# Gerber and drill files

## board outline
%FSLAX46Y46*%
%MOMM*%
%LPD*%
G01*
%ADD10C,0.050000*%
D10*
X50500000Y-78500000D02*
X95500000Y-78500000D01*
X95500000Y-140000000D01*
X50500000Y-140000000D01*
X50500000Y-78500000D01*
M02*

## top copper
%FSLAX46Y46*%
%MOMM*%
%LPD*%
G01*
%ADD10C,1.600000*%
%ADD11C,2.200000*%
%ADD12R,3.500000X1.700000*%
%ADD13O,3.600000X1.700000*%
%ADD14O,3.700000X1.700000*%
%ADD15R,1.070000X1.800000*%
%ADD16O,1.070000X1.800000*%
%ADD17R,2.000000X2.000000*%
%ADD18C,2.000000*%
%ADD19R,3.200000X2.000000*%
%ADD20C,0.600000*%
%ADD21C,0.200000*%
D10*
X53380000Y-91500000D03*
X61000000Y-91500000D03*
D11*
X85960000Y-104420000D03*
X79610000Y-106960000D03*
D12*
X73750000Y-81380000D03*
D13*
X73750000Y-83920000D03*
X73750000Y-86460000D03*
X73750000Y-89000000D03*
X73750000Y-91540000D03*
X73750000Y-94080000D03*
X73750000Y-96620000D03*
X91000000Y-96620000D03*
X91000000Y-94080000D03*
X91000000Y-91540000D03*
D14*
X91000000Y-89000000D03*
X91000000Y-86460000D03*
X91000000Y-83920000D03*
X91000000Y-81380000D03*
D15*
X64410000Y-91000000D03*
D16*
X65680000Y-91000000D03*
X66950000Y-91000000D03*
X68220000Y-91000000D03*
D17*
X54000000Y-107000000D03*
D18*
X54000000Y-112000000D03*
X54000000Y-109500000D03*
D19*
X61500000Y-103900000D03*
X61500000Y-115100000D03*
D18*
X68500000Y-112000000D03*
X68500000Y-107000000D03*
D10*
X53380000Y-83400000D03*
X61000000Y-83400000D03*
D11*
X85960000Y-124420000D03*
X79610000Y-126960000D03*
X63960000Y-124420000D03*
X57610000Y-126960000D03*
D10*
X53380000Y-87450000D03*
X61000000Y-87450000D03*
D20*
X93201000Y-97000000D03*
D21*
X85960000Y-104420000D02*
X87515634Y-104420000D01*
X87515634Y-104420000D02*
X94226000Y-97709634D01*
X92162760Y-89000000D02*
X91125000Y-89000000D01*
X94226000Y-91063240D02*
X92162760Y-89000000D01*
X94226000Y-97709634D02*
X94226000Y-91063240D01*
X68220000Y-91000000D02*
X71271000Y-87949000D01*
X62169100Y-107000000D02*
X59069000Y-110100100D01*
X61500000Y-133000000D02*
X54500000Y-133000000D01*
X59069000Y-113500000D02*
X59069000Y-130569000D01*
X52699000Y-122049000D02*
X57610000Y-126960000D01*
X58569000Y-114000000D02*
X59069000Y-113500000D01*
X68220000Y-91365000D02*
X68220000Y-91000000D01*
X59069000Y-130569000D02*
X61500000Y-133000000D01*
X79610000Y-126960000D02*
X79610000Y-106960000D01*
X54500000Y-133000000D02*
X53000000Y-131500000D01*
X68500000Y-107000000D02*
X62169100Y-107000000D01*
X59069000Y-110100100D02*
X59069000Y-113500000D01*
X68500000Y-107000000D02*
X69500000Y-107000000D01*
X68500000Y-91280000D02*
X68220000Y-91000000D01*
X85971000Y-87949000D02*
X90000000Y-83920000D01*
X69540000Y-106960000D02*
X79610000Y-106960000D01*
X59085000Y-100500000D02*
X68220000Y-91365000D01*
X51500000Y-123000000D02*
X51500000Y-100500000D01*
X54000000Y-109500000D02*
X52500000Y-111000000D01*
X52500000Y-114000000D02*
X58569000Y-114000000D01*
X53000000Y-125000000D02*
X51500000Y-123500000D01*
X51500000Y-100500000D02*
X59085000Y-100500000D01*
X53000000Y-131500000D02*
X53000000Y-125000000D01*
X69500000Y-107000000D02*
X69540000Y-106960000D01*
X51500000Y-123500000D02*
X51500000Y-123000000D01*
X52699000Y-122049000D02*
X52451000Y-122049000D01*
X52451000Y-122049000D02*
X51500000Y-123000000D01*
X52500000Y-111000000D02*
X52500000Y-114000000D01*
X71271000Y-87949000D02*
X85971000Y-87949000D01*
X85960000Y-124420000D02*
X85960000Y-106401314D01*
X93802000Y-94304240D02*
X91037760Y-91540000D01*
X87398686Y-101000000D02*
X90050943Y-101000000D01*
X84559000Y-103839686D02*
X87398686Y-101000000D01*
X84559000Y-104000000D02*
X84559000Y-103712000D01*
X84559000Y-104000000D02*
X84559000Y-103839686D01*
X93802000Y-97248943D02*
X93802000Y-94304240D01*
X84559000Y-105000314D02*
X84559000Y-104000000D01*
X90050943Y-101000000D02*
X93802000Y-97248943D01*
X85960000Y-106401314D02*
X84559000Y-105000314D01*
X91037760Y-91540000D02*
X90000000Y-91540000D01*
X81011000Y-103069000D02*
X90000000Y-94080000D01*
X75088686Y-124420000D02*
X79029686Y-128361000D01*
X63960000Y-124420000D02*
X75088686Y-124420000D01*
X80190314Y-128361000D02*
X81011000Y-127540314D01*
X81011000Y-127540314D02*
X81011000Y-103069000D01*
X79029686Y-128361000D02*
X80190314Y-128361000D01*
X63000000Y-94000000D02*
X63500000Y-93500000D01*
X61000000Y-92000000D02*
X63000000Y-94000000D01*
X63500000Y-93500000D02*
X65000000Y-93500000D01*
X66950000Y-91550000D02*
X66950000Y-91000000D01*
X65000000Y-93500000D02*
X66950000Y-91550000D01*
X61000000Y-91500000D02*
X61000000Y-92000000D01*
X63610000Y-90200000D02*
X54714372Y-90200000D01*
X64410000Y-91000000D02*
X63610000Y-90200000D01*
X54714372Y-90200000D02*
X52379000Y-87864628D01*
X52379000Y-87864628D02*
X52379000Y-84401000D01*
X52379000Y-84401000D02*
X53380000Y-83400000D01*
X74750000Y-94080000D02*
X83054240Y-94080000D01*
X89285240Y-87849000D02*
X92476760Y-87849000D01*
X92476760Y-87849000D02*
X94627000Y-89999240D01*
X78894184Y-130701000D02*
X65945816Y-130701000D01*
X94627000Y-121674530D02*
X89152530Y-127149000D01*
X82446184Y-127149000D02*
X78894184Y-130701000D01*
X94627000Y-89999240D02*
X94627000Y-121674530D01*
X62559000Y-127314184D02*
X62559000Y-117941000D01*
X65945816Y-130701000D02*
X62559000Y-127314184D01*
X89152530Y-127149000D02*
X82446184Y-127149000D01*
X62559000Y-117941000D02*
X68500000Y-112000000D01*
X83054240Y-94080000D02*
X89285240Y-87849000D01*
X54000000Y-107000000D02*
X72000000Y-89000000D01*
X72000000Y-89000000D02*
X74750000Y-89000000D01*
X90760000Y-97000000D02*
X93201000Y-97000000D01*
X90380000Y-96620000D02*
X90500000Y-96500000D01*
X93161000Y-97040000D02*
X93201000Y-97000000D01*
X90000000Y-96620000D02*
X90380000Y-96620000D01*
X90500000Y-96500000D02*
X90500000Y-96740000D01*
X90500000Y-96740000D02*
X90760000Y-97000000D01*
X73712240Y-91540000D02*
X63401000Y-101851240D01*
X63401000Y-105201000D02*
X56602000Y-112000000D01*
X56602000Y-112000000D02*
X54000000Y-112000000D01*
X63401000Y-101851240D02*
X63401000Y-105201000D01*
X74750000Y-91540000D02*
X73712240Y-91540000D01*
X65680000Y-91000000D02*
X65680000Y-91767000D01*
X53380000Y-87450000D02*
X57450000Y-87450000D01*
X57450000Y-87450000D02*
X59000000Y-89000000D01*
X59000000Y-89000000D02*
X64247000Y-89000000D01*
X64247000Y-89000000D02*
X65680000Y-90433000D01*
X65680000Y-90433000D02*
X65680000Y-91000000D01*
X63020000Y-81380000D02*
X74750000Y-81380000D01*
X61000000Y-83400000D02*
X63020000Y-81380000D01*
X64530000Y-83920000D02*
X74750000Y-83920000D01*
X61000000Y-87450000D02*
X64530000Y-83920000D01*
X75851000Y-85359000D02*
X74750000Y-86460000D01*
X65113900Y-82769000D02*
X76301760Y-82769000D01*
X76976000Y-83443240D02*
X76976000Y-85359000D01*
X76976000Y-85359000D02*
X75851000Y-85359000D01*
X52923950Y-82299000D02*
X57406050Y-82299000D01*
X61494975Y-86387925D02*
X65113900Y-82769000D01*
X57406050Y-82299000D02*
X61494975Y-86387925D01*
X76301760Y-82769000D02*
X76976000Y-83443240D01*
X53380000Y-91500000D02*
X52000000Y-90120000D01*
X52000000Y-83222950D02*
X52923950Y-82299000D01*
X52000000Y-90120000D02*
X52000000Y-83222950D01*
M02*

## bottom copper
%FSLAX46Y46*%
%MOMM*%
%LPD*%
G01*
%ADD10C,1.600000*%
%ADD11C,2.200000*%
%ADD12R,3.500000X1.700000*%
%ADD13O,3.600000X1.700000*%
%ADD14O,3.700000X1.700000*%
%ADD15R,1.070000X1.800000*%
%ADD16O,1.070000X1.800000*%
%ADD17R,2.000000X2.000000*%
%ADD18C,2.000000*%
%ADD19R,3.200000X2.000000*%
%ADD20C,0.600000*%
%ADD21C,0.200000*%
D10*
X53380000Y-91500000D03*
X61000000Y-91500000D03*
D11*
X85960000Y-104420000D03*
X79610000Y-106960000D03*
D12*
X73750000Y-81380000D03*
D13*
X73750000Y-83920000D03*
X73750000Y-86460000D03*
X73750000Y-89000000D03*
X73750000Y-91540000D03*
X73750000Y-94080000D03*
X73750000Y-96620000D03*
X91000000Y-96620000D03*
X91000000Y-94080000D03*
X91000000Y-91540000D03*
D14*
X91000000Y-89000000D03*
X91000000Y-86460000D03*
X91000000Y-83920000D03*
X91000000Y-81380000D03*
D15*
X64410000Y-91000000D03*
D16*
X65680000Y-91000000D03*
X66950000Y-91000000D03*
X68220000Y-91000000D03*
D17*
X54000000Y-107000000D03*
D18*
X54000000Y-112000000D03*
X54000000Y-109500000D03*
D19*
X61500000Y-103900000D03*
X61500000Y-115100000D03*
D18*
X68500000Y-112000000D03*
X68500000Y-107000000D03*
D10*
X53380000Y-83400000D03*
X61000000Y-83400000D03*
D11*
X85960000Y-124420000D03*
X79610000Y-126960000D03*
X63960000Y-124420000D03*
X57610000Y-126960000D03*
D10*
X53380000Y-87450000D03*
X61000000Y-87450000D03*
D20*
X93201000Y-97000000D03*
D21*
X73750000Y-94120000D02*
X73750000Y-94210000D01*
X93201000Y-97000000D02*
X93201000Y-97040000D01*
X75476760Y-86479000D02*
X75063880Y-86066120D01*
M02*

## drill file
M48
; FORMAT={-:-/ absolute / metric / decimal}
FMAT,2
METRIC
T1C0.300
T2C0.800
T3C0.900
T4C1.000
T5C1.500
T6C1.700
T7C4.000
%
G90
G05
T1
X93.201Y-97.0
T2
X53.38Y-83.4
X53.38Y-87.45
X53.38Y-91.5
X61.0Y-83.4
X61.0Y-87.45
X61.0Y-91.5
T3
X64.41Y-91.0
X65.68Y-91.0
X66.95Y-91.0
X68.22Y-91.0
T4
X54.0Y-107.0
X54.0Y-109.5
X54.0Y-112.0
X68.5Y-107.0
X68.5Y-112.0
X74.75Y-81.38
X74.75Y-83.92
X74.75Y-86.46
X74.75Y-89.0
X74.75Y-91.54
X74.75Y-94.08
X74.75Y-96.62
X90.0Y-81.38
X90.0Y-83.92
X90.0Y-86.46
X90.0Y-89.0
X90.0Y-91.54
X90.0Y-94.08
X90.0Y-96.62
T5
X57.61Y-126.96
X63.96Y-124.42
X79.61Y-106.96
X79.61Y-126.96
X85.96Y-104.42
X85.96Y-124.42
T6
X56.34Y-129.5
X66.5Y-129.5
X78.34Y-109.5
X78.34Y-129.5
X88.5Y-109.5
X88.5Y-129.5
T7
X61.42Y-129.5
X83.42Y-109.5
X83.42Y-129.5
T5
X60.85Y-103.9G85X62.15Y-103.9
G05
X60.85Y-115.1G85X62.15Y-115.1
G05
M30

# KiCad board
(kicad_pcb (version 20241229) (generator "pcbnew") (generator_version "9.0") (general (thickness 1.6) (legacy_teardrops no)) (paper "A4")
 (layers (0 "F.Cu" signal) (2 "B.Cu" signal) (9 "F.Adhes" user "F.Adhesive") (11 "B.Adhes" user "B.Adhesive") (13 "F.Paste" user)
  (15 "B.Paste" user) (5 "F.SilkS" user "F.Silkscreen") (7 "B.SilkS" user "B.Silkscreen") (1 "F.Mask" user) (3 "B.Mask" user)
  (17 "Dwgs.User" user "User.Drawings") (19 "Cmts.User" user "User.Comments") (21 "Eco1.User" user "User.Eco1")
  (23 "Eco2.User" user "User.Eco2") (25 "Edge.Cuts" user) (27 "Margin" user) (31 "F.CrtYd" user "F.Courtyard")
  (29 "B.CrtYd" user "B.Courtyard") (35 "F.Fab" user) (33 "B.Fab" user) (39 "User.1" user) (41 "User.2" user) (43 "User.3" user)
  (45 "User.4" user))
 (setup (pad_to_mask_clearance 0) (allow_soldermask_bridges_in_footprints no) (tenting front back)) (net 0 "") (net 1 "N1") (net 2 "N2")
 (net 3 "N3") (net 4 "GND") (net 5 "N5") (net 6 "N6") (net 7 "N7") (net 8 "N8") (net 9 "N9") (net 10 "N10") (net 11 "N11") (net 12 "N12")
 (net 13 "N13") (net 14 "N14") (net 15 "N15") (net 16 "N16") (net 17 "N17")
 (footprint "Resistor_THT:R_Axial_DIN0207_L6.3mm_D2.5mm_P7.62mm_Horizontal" (layer "F.Cu") (at 53.38 91.5)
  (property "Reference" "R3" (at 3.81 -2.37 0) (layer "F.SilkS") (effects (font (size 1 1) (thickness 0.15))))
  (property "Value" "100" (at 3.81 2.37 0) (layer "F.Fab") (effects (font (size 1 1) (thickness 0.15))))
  (pad "1" thru_hole circle (at 0 0) (size 1.6 1.6) (drill 0.8) (layers "*.Cu" "*.Mask") (remove_unused_layers no) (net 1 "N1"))
  (pad "2" thru_hole circle (at 7.62 0) (size 1.6 1.6) (drill 0.8) (layers "*.Cu" "*.Mask") (remove_unused_layers no) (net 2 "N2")))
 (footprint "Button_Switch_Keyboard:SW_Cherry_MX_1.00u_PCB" (layer "F.Cu") (at 85.96 104.42)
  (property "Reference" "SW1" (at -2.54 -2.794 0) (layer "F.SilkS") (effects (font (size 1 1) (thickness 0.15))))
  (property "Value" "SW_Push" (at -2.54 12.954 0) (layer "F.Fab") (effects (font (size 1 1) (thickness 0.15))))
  (pad "" np_thru_hole circle (at -7.62 5.08) (size 1.7 1.7) (drill 1.7) (layers "*.Cu" "*.Mask"))
  (pad "" np_thru_hole circle (at -2.54 5.08) (size 4 4) (drill 4) (layers "*.Cu" "*.Mask"))
  (pad "" np_thru_hole circle (at 2.54 5.08) (size 1.7 1.7) (drill 1.7) (layers "*.Cu" "*.Mask"))
  (pad "1" thru_hole circle (at 0 0) (size 2.2 2.2) (drill 1.5) (layers "*.Cu" "*.Mask") (remove_unused_layers no) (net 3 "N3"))
  (pad "2" thru_hole circle (at -6.35 2.54) (size 2.2 2.2) (drill 1.5) (layers "*.Cu" "*.Mask") (remove_unused_layers no) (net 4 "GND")))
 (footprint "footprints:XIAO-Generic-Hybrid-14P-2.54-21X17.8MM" (layer "F.Cu") (at 82.375 89)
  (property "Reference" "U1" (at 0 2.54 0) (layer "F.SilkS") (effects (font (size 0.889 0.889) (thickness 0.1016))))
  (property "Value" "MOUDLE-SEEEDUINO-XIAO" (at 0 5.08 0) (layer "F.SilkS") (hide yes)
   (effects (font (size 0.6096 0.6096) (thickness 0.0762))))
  (pad "1" thru_hole rect (at -7.625 -7.62) (size 3.5 1.7) (drill 1 (offset -1 0)) (layers "*.Cu" "*.Mask") (remove_unused_layers no)
   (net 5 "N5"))
  (pad "2" thru_hole oval (at -7.625 -5.08) (size 3.6 1.7) (drill 1 (offset -1 0)) (layers "*.Cu" "*.Mask") (remove_unused_layers no)
   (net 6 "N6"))
  (pad "3" thru_hole oval (at -7.625 -2.54) (size 3.6 1.7) (drill 1 (offset -1 0)) (layers "*.Cu" "*.Mask") (remove_unused_layers no)
   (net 1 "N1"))
  (pad "4" thru_hole oval (at -7.625 0) (size 3.6 1.7) (drill 1 (offset -1 0)) (layers "*.Cu" "*.Mask") (remove_unused_layers no)
   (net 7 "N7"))
  (pad "5" thru_hole oval (at -7.625 2.54) (size 3.6 1.7) (drill 1 (offset -1 0)) (layers "*.Cu" "*.Mask") (remove_unused_layers no)
   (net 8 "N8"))
  (pad "6" thru_hole oval (at -7.625 5.08 180) (size 3.6 1.7) (drill 1 (offset 1 0)) (layers "*.Cu" "*.Mask") (remove_unused_layers no)
   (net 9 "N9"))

*EXERCISE DETAILS*:
Restate the listing word for word, but only from its first line through the line with "X92162760Y-89000000D01*", keeping both end lines.

*PROBLEM SOLUTION*:
# Gerber and drill files

## board outline
%FSLAX46Y46*%
%MOMM*%
%LPD*%
G01*
%ADD10C,0.050000*%
D10*
X50500000Y-78500000D02*
X95500000Y-78500000D01*
X95500000Y-140000000D01*
X50500000Y-140000000D01*
X50500000Y-78500000D01*
M02*

## top copper
%FSLAX46Y46*%
%MOMM*%
%LPD*%
G01*
%ADD10C,1.600000*%
%ADD11C,2.200000*%
%ADD12R,3.500000X1.700000*%
%ADD13O,3.600000X1.700000*%
%ADD14O,3.700000X1.700000*%
%ADD15R,1.070000X1.800000*%
%ADD16O,1.070000X1.800000*%
%ADD17R,2.000000X2.000000*%
%ADD18C,2.000000*%
%ADD19R,3.200000X2.000000*%
%ADD20C,0.600000*%
%ADD21C,0.200000*%
D10*
X53380000Y-91500000D03*
X61000000Y-91500000D03*
D11*
X85960000Y-104420000D03*
X79610000Y-106960000D03*
D12*
X73750000Y-81380000D03*
D13*
X73750000Y-83920000D03*
X73750000Y-86460000D03*
X73750000Y-89000000D03*
X73750000Y-91540000D03*
X73750000Y-94080000D03*
X73750000Y-96620000D03*
X91000000Y-96620000D03*
X91000000Y-94080000D03*
X91000000Y-91540000D03*
D14*
X91000000Y-89000000D03*
X91000000Y-86460000D03*
X91000000Y-83920000D03*
X91000000Y-81380000D03*
D15*
X64410000Y-91000000D03*
D16*
X65680000Y-91000000D03*
X66950000Y-91000000D03*
X68220000Y-91000000D03*
D17*
X54000000Y-107000000D03*
D18*
X54000000Y-112000000D03*
X54000000Y-109500000D03*
D19*
X61500000Y-103900000D03*
X61500000Y-115100000D03*
D18*
X68500000Y-112000000D03*
X68500000Y-107000000D03*
D10*
X53380000Y-83400000D03*
X61000000Y-83400000D03*
D11*
X85960000Y-124420000D03*
X79610000Y-126960000D03*
X63960000Y-124420000D03*
X57610000Y-126960000D03*
D10*
X53380000Y-87450000D03*
X61000000Y-87450000D03*
D20*
X93201000Y-97000000D03*
D21*
X85960000Y-104420000D02*
X87515634Y-104420000D01*
X87515634Y-104420000D02*
X94226000Y-97709634D01*
X92162760Y-89000000D02*
X91125000Y-89000000D01*
X94226000Y-91063240D02*
X92162760Y-89000000D01*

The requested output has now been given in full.